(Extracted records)
━━━━━━━━━━━━━━━━━━━━━━━━━━━━━━

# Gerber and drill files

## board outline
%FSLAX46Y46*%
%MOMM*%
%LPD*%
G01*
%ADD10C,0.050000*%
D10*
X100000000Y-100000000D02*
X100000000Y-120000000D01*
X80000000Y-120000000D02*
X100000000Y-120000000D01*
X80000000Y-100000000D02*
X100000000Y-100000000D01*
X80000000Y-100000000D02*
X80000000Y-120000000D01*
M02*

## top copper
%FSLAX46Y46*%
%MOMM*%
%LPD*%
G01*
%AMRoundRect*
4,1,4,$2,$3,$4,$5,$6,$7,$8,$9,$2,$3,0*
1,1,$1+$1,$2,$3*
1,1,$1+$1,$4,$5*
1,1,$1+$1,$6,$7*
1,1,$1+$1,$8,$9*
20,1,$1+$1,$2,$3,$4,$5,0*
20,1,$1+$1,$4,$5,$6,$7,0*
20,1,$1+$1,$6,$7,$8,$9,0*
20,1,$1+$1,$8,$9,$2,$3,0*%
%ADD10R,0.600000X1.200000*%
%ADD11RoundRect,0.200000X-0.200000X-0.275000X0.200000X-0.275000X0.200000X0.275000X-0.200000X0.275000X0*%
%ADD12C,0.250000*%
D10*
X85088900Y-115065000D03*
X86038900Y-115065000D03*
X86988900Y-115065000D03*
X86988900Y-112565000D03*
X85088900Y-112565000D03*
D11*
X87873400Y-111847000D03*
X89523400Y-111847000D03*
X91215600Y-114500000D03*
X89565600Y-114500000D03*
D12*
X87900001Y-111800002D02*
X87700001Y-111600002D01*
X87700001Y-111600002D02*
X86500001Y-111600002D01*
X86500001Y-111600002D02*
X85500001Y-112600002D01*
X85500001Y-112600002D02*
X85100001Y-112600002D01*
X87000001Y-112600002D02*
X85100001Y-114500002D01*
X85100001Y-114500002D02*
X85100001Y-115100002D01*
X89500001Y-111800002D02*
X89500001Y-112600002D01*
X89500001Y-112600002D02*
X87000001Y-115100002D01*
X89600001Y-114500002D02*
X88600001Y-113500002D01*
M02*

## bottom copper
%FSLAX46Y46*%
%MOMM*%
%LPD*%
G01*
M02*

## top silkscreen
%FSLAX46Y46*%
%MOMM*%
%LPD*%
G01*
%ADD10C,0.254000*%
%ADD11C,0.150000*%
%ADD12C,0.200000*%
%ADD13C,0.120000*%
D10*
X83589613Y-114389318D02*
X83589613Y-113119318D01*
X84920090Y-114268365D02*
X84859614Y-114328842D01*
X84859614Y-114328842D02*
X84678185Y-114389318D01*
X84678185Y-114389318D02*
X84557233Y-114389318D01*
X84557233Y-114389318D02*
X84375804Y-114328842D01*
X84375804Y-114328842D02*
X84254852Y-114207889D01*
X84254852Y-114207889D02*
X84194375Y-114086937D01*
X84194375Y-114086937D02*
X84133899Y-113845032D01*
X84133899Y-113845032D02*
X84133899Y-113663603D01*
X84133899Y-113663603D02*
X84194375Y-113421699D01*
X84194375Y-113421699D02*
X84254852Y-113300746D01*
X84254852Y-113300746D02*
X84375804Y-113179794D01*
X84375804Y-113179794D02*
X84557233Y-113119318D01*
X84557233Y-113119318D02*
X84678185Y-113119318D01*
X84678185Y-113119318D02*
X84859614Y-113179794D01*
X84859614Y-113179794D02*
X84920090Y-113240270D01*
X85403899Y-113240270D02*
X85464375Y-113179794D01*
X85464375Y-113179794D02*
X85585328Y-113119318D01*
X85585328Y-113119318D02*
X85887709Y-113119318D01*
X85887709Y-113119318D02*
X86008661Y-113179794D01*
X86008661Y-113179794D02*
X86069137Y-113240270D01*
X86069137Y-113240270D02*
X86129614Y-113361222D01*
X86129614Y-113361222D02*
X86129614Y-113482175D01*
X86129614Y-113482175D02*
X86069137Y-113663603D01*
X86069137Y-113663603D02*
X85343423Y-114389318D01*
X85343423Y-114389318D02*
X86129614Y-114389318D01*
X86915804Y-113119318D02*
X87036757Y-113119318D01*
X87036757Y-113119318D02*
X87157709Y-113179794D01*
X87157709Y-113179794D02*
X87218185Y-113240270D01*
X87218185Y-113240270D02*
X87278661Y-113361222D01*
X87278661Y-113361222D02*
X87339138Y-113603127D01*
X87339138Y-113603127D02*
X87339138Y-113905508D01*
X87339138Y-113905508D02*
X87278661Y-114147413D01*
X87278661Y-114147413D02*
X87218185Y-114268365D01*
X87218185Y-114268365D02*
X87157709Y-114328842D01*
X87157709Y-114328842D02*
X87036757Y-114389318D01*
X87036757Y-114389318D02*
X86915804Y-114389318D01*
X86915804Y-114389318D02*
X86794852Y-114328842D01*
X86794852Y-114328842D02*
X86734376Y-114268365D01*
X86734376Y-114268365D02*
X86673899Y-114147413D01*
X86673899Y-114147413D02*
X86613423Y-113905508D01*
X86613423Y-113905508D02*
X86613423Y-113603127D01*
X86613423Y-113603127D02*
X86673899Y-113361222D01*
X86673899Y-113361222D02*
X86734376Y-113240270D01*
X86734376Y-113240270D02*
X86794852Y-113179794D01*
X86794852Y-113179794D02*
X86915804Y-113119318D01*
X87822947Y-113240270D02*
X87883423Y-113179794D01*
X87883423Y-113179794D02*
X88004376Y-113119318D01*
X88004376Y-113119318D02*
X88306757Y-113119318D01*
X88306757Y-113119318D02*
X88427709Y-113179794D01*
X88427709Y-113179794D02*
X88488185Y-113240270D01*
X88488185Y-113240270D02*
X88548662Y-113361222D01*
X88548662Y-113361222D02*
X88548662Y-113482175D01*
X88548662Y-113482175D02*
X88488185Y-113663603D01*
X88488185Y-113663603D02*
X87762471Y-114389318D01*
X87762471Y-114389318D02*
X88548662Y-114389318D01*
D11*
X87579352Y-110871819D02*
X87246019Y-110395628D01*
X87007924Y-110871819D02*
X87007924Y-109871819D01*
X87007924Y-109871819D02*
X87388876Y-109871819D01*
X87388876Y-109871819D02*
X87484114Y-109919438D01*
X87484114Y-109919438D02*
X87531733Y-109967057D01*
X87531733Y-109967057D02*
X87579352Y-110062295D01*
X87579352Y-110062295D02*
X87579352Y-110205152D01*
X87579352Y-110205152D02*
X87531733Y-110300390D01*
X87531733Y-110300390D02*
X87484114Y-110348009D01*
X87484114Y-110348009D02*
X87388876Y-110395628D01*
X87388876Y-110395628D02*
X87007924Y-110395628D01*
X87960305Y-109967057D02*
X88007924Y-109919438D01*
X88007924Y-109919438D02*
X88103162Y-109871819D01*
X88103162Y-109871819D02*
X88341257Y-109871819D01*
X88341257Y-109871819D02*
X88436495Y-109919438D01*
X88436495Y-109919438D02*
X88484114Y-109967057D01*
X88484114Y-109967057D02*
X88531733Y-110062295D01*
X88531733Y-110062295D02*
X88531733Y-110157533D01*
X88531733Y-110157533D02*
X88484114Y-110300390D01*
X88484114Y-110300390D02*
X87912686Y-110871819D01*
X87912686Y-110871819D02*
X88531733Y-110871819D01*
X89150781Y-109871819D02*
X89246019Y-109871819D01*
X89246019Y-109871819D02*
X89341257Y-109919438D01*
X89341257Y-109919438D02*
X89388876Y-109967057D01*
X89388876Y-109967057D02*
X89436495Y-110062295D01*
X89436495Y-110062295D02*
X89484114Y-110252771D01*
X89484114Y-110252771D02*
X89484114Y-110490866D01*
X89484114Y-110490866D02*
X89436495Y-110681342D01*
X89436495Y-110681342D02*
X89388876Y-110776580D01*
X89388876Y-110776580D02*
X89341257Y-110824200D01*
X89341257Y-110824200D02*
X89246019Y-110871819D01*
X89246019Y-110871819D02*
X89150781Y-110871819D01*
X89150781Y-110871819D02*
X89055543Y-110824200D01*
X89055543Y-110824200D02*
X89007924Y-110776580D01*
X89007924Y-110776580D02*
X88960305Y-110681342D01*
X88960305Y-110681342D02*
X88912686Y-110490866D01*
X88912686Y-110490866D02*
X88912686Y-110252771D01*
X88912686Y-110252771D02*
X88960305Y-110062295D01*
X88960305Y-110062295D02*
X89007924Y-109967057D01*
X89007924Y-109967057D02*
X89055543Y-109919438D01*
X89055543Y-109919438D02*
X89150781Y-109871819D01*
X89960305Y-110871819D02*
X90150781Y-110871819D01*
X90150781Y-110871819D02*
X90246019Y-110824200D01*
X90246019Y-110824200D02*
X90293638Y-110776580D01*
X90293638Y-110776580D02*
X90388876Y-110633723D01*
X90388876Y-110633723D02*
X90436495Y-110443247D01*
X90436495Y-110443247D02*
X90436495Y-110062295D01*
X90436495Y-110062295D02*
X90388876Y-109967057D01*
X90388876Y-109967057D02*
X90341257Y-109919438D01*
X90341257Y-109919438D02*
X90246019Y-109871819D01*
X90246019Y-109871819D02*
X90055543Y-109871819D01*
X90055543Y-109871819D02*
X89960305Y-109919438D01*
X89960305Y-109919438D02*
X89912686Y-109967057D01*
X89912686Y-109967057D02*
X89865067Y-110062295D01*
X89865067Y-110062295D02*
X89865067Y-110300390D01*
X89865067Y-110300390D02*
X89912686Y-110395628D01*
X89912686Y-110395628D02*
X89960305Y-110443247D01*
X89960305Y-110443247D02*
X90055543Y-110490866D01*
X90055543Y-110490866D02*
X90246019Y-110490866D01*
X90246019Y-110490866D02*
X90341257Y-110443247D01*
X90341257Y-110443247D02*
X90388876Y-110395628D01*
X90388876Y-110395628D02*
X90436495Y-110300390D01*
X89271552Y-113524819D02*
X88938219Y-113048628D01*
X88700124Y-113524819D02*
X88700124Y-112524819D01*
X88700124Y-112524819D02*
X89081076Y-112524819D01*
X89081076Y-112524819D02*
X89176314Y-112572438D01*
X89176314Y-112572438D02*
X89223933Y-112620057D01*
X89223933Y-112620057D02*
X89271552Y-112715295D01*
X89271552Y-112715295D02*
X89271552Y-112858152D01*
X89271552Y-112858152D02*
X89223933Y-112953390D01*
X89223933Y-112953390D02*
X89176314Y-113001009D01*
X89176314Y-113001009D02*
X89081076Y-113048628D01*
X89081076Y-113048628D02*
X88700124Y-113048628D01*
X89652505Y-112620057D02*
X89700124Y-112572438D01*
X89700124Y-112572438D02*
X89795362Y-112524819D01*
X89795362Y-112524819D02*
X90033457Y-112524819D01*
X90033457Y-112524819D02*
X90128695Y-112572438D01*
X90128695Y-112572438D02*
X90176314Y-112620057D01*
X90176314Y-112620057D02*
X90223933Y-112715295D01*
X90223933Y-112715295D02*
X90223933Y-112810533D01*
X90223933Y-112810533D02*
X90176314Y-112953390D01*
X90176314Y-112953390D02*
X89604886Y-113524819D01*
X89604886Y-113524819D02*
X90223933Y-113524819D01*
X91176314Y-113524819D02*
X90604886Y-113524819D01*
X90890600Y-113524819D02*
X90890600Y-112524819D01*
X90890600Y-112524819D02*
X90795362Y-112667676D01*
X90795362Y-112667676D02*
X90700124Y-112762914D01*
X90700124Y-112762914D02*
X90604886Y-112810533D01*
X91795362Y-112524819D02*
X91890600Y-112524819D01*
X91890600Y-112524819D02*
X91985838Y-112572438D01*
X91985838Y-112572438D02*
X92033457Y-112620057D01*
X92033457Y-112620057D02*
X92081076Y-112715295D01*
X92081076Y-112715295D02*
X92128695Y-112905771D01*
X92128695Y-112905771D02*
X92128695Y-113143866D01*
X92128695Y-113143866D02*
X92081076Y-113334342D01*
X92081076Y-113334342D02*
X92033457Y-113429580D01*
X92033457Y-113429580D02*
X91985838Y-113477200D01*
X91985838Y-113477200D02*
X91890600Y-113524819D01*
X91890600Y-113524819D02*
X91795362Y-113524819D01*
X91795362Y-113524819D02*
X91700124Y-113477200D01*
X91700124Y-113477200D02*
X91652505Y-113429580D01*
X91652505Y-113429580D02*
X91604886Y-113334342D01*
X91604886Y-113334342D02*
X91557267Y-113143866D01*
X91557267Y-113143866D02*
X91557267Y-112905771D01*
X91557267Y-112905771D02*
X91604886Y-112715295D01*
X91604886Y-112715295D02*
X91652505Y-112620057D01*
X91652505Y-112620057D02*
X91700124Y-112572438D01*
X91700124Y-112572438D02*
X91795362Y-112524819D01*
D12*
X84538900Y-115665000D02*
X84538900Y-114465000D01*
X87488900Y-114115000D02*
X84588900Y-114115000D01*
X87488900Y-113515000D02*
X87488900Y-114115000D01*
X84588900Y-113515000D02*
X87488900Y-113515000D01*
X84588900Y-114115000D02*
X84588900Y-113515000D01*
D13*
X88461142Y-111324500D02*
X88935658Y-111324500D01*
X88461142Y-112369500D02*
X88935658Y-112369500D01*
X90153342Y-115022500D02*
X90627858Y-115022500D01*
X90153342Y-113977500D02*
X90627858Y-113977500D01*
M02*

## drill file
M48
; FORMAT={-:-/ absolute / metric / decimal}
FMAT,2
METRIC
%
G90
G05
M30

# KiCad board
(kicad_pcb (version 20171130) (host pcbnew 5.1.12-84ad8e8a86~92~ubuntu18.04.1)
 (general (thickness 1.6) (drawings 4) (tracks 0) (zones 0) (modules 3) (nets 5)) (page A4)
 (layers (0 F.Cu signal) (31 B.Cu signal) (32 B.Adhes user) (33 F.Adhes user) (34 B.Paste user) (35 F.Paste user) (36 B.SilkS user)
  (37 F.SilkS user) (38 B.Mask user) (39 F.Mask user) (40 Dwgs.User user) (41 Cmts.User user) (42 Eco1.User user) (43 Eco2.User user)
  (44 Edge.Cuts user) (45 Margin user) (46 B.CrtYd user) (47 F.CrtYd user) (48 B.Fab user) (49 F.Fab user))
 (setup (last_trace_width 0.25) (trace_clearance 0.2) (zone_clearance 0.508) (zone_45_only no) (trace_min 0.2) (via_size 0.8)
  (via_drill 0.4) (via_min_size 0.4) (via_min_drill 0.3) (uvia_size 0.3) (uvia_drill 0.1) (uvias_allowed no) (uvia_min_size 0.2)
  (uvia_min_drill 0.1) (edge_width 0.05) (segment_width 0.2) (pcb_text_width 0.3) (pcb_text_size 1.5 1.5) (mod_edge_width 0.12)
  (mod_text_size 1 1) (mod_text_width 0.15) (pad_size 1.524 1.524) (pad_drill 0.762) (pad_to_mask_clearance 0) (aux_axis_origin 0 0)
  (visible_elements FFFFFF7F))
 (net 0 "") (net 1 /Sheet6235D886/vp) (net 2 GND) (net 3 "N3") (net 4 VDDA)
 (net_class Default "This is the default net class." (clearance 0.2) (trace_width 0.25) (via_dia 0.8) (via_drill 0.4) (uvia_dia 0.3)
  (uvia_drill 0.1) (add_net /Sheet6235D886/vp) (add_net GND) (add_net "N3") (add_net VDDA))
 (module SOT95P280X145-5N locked (layer F.Cu) (at 86.038900 113.815000 90.000000)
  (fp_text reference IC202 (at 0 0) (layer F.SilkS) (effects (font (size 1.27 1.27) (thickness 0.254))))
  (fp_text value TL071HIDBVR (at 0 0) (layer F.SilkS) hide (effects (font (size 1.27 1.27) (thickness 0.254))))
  (fp_line (start -1.85 -1.5) (end -0.65 -1.5) (layer F.SilkS) (width 0.2))
  (fp_line (start -0.3 1.45) (end -0.3 -1.45) (layer F.SilkS) (width 0.2))
  (fp_line (start 0.3 1.45) (end -0.3 1.45) (layer F.SilkS) (width 0.2))
  (fp_line (start 0.3 -1.45) (end 0.3 1.45) (layer F.SilkS) (width 0.2))
  (fp_line (start -0.3 -1.45) (end 0.3 -1.45) (layer F.SilkS) (width 0.2))
  (pad 1 smd rect (at -1.25 -0.95 180.000000) (size 0.6 1.2) (layers F.Cu F.Mask F.Paste) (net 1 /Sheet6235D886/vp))
  (pad 2 smd rect (at -1.25 0 180.000000) (size 0.6 1.2) (layers F.Cu F.Mask F.Paste) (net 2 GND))
  (pad 3 smd rect (at -1.25 0.95 180.000000) (size 0.6 1.2) (layers F.Cu F.Mask F.Paste) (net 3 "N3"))
  (pad 4 smd rect (at 1.25 0.95 180.000000) (size 0.6 1.2) (layers F.Cu F.Mask F.Paste) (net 1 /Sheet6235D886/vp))
  (pad 5 smd rect (at 1.25 -0.95 180.000000) (size 0.6 1.2) (layers F.Cu F.Mask F.Paste) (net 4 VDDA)))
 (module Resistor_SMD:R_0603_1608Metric (layer F.Cu) (at 88.698400 111.847000)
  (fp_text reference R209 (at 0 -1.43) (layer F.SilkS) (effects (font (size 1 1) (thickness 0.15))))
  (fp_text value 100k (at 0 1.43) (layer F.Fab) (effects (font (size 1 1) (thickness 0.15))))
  (fp_line (start -0.237258 -0.5225) (end 0.237258 -0.5225) (layer F.SilkS) (width 0.12))
  (fp_line (start -0.237258 0.5225) (end 0.237258 0.5225) (layer F.SilkS) (width 0.12))
  (pad 1 smd roundrect (at -0.825 0) (size 0.8 0.95) (layers F.Cu F.Mask F.Paste) (roundrect_rratio 0.25) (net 4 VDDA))
  (pad 2 smd roundrect (at 0.825 0) (size 0.8 0.95) (layers F.Cu F.Mask F.Paste) (roundrect_rratio 0.25) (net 3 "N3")))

━━━━━━━━━━━━━━━━━━━━━━━━━━━━━━

* [Task item]:
Beginning at the line above with "X90153342Y-113977500D02*" and finishing at the line with "(general (thickness 1.6)", return each line exactly and return nothing else.

* [Answer section]:
X90153342Y-113977500D02*
X90627858Y-113977500D01*
M02*

## drill file
M48
; FORMAT={-:-/ absolute / metric / decimal}
FMAT,2
METRIC
%
G90
G05
M30

# KiCad board
(kicad_pcb (version 20171130) (host pcbnew 5.1.12-84ad8e8a86~92~ubuntu18.04.1)
 (general (thickness 1.6) (drawings 4) (tracks 0) (zones 0) (modules 3) (nets 5)) (page A4)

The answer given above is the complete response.